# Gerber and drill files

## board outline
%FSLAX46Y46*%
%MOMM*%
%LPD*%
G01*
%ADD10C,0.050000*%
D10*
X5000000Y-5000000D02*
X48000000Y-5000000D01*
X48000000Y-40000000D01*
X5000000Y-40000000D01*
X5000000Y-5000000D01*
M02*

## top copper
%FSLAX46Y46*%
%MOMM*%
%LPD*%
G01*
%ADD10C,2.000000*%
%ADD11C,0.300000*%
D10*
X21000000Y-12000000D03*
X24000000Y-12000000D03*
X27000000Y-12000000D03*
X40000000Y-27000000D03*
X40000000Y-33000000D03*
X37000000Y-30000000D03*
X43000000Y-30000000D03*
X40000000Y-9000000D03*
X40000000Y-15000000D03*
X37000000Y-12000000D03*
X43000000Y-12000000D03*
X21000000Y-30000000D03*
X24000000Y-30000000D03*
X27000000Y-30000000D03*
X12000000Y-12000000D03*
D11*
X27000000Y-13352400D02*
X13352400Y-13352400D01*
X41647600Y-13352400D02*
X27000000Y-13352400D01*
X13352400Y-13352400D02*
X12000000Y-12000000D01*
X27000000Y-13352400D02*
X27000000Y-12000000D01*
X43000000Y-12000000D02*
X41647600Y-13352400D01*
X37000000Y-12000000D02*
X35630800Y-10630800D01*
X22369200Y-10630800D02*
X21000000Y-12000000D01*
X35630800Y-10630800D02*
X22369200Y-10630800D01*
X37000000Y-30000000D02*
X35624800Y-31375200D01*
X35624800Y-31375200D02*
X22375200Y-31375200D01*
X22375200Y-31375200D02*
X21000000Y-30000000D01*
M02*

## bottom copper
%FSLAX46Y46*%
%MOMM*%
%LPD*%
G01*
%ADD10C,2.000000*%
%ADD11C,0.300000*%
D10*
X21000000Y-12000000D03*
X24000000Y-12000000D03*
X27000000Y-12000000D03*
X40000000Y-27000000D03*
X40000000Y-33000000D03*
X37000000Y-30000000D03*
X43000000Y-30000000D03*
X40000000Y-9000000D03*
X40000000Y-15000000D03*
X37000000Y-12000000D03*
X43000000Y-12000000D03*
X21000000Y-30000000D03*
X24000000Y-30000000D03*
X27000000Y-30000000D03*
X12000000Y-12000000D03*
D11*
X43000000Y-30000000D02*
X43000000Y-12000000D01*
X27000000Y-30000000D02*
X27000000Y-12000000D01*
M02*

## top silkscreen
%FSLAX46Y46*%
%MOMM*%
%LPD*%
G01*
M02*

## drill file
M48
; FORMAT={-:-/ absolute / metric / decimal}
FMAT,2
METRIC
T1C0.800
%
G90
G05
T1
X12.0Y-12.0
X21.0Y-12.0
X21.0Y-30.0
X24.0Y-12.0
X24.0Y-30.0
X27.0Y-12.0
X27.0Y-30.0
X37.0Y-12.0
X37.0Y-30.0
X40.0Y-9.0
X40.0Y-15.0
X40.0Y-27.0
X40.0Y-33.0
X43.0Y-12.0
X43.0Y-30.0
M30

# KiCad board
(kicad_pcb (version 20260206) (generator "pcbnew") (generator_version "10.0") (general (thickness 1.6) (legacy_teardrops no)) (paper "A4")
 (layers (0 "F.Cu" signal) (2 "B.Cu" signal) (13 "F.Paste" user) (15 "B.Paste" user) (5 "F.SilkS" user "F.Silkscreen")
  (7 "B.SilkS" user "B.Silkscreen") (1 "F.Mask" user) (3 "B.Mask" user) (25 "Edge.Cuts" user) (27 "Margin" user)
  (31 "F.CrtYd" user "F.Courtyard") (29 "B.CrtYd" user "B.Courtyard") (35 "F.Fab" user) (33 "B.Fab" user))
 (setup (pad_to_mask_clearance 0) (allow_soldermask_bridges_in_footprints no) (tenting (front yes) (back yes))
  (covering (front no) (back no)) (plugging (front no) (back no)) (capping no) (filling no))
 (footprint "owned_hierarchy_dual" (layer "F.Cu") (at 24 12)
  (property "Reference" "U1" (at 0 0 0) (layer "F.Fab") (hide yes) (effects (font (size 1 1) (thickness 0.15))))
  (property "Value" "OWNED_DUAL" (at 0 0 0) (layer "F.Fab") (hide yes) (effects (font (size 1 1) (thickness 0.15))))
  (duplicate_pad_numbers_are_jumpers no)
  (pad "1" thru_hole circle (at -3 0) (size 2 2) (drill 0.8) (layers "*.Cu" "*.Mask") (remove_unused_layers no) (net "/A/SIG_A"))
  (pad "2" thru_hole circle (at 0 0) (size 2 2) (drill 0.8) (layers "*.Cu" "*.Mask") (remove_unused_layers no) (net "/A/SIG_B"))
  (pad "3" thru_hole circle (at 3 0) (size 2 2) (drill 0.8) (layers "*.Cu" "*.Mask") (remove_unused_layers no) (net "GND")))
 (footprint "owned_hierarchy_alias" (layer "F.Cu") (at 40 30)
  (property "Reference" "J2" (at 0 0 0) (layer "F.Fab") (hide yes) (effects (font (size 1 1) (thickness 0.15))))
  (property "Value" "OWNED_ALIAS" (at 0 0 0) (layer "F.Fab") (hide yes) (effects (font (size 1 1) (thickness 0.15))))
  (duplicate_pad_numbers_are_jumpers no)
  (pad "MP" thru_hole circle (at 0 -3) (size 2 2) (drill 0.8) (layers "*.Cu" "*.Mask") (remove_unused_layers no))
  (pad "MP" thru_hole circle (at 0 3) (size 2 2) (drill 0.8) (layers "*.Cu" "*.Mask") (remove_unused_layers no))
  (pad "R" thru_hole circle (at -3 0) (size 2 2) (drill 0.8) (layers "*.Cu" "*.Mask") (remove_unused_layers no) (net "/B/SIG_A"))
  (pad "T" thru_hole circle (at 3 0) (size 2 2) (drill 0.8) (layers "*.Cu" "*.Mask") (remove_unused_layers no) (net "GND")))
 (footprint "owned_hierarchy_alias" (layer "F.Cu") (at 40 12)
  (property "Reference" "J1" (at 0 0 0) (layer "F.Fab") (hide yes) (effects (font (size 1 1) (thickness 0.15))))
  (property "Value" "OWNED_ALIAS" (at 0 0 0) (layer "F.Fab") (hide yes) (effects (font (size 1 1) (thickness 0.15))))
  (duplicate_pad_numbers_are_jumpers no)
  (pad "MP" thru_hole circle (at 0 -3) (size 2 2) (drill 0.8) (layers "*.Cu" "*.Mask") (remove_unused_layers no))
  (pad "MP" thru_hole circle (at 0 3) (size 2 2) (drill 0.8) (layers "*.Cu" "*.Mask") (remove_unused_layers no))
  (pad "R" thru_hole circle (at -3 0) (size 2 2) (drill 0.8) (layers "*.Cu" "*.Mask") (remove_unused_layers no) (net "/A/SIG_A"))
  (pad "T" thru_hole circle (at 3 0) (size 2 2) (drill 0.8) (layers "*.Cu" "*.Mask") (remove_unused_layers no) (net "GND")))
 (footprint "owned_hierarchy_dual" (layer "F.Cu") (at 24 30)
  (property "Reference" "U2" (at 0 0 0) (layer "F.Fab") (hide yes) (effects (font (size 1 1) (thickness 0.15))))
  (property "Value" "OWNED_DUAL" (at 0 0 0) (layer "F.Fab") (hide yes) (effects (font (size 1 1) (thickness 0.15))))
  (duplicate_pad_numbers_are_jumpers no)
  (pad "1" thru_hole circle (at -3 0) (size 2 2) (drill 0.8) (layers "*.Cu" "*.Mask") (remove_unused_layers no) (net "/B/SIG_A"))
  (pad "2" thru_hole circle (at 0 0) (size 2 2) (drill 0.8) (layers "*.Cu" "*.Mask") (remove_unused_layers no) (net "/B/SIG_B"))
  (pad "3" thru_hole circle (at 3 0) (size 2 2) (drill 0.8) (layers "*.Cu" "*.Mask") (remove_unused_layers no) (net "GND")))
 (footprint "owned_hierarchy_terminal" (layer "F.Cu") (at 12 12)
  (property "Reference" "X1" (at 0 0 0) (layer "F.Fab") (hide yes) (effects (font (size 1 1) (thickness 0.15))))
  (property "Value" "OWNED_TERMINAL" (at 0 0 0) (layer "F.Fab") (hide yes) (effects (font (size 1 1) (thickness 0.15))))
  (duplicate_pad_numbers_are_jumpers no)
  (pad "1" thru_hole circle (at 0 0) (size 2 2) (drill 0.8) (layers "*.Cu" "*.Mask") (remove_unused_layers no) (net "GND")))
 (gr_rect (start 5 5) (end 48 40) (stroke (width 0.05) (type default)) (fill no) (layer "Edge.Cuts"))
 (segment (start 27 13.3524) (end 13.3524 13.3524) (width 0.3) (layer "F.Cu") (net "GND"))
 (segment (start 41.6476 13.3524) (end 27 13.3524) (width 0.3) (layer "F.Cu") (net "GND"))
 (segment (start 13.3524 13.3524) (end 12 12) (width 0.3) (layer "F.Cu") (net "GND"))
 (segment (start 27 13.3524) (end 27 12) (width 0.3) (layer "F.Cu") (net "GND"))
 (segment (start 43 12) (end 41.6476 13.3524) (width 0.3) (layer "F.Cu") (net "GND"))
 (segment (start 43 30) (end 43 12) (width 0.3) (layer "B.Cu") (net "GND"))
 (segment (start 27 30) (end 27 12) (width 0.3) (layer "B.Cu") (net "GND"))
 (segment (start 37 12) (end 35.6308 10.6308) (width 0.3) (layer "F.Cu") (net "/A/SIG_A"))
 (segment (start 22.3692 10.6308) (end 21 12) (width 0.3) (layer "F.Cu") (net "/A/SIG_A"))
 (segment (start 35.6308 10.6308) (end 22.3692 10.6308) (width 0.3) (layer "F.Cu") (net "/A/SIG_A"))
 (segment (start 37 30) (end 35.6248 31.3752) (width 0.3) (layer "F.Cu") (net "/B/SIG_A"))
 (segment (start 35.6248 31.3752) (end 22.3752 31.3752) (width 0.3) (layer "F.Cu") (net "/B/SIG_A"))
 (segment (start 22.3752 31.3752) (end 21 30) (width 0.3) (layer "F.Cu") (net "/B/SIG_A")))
---
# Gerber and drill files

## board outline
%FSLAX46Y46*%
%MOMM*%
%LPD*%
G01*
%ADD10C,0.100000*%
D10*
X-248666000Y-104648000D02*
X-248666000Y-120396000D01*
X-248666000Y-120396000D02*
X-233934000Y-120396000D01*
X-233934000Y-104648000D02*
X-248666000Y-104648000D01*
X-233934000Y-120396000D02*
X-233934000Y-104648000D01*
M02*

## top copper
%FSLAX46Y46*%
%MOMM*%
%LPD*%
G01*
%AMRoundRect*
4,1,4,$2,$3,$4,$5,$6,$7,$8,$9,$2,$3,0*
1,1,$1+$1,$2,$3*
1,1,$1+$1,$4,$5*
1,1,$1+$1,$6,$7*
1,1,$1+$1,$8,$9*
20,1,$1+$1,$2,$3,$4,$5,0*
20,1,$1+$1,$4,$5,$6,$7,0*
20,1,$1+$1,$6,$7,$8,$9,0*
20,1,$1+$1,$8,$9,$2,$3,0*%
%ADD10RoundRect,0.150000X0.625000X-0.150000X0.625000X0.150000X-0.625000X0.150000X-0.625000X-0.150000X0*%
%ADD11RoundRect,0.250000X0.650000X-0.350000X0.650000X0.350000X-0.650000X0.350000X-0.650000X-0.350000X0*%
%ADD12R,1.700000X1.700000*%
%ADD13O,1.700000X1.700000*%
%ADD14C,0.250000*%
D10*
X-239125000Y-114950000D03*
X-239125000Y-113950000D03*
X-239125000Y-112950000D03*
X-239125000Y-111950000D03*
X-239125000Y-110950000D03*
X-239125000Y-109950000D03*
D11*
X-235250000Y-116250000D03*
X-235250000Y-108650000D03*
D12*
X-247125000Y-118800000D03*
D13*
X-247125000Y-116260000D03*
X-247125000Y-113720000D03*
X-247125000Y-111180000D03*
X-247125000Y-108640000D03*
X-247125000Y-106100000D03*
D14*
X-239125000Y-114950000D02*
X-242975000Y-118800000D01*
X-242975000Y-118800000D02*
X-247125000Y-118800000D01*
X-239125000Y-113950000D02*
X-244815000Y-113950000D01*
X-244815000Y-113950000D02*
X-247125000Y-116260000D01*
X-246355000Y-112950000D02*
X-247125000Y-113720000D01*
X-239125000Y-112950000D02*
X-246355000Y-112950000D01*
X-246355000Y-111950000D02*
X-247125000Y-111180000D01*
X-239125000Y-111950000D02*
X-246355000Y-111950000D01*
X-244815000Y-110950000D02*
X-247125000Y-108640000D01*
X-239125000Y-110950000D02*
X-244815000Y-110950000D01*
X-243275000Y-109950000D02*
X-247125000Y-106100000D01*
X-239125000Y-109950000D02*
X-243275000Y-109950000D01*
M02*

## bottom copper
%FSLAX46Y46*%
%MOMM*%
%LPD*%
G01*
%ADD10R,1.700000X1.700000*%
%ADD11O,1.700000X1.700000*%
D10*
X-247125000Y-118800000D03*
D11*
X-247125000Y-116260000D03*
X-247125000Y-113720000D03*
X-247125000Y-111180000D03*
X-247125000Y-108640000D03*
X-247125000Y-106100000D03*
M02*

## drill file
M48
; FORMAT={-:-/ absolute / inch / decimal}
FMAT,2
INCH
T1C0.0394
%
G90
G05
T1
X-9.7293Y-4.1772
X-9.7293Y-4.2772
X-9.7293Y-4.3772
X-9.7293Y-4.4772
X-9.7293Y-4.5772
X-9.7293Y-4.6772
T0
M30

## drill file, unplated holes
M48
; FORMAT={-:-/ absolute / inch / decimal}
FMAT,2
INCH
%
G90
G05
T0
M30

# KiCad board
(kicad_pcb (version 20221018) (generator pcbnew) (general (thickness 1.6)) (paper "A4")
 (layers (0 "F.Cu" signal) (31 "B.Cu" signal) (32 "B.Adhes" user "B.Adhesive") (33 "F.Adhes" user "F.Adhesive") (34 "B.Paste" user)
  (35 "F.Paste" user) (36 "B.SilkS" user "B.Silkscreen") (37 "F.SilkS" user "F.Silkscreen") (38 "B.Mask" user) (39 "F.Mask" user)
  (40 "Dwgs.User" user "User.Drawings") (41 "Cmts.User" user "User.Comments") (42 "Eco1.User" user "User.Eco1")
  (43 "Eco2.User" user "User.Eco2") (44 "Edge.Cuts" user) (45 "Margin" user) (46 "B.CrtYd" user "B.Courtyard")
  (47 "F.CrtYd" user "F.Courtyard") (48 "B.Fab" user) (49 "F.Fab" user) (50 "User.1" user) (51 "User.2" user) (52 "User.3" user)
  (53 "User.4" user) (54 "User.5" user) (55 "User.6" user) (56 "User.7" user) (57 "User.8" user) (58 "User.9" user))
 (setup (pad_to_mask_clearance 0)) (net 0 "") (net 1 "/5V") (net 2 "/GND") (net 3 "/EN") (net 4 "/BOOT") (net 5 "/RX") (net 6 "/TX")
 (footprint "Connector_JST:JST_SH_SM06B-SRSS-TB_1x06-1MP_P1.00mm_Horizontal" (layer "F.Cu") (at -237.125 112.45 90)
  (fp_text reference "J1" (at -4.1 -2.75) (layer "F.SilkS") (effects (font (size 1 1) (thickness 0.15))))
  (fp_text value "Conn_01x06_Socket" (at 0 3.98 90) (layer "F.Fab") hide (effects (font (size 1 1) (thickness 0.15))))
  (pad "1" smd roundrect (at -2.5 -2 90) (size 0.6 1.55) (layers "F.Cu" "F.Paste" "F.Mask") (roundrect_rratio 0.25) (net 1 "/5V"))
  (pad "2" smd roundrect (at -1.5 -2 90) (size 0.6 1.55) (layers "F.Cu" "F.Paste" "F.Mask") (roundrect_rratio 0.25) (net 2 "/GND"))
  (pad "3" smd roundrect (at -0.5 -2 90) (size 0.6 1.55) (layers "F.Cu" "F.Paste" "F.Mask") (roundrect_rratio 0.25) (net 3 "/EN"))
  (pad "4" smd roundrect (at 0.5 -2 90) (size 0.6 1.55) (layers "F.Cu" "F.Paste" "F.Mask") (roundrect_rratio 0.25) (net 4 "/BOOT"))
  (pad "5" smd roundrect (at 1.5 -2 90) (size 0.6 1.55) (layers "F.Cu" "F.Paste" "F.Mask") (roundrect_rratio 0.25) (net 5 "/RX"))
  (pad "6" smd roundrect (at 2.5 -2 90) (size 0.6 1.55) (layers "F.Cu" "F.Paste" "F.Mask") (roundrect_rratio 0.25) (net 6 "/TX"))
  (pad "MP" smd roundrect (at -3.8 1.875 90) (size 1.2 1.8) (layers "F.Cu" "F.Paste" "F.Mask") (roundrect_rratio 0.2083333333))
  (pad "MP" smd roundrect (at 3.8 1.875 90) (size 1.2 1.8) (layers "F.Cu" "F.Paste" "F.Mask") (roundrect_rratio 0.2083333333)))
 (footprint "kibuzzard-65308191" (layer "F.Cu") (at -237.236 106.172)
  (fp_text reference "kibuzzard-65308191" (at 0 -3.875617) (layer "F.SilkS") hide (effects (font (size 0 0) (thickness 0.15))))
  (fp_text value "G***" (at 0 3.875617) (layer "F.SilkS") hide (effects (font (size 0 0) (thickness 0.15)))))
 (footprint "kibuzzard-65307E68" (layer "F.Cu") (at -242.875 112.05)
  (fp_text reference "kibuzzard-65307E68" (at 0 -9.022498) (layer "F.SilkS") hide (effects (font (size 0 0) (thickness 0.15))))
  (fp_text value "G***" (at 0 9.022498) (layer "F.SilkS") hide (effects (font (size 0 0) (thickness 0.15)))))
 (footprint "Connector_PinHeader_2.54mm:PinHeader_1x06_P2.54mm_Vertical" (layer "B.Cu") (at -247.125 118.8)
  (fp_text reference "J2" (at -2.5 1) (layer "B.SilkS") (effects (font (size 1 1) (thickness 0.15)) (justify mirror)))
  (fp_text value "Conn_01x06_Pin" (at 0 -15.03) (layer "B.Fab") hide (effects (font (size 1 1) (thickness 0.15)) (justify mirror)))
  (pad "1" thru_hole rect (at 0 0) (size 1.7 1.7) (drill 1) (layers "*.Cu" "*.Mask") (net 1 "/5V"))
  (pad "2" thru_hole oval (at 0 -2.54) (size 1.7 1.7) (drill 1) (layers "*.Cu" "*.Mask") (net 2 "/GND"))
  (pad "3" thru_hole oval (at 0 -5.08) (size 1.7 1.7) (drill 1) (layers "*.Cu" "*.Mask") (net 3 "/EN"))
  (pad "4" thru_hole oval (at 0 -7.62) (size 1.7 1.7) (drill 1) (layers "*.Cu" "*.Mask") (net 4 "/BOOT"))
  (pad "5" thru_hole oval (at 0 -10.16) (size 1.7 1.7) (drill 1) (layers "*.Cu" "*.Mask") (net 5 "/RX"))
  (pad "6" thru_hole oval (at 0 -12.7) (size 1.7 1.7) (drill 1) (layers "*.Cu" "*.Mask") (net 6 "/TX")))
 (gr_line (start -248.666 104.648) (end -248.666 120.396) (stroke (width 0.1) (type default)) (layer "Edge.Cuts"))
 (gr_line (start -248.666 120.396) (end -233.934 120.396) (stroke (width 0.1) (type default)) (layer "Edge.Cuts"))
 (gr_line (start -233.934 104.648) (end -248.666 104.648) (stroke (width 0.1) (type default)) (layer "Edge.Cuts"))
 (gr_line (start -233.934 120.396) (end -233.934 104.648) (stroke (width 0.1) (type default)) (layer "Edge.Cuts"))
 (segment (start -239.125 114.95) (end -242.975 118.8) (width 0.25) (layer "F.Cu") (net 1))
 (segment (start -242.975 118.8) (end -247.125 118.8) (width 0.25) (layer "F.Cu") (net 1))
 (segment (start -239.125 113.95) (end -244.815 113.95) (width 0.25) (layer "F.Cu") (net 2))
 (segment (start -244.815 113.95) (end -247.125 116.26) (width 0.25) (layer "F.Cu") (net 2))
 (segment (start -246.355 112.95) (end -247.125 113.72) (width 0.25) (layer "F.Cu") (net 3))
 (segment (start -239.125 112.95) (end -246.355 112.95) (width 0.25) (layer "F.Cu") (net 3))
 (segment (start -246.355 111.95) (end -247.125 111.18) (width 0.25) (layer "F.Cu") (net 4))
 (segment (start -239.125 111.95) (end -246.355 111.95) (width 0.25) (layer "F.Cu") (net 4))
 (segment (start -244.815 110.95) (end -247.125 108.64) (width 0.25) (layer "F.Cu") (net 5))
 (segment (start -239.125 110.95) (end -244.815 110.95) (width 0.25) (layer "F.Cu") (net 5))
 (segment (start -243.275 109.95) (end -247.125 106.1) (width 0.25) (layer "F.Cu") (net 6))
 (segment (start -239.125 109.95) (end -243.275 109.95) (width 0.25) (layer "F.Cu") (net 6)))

(The problem): Please reproduce exactly the lines in the listing above from the one containing "X-239125000Y-114950000D03*" through the one containing "X-247125000Y-108640000D01*", both included, and nothing more.

(Response area):
X-239125000Y-114950000D03*
X-239125000Y-113950000D03*
X-239125000Y-112950000D03*
X-239125000Y-111950000D03*
X-239125000Y-110950000D03*
X-239125000Y-109950000D03*
D11*
X-235250000Y-116250000D03*
X-235250000Y-108650000D03*
D12*
X-247125000Y-118800000D03*
D13*
X-247125000Y-116260000D03*
X-247125000Y-113720000D03*
X-247125000Y-111180000D03*
X-247125000Y-108640000D03*
X-247125000Y-106100000D03*
D14*
X-239125000Y-114950000D02*
X-242975000Y-118800000D01*
X-242975000Y-118800000D02*
X-247125000Y-118800000D01*
X-239125000Y-113950000D02*
X-244815000Y-113950000D01*
X-244815000Y-113950000D02*
X-247125000Y-116260000D01*
X-246355000Y-112950000D02*
X-247125000Y-113720000D01*
X-239125000Y-112950000D02*
X-246355000Y-112950000D01*
X-246355000Y-111950000D02*
X-247125000Y-111180000D01*
X-239125000Y-111950000D02*
X-246355000Y-111950000D01*
X-244815000Y-110950000D02*
X-247125000Y-108640000D01*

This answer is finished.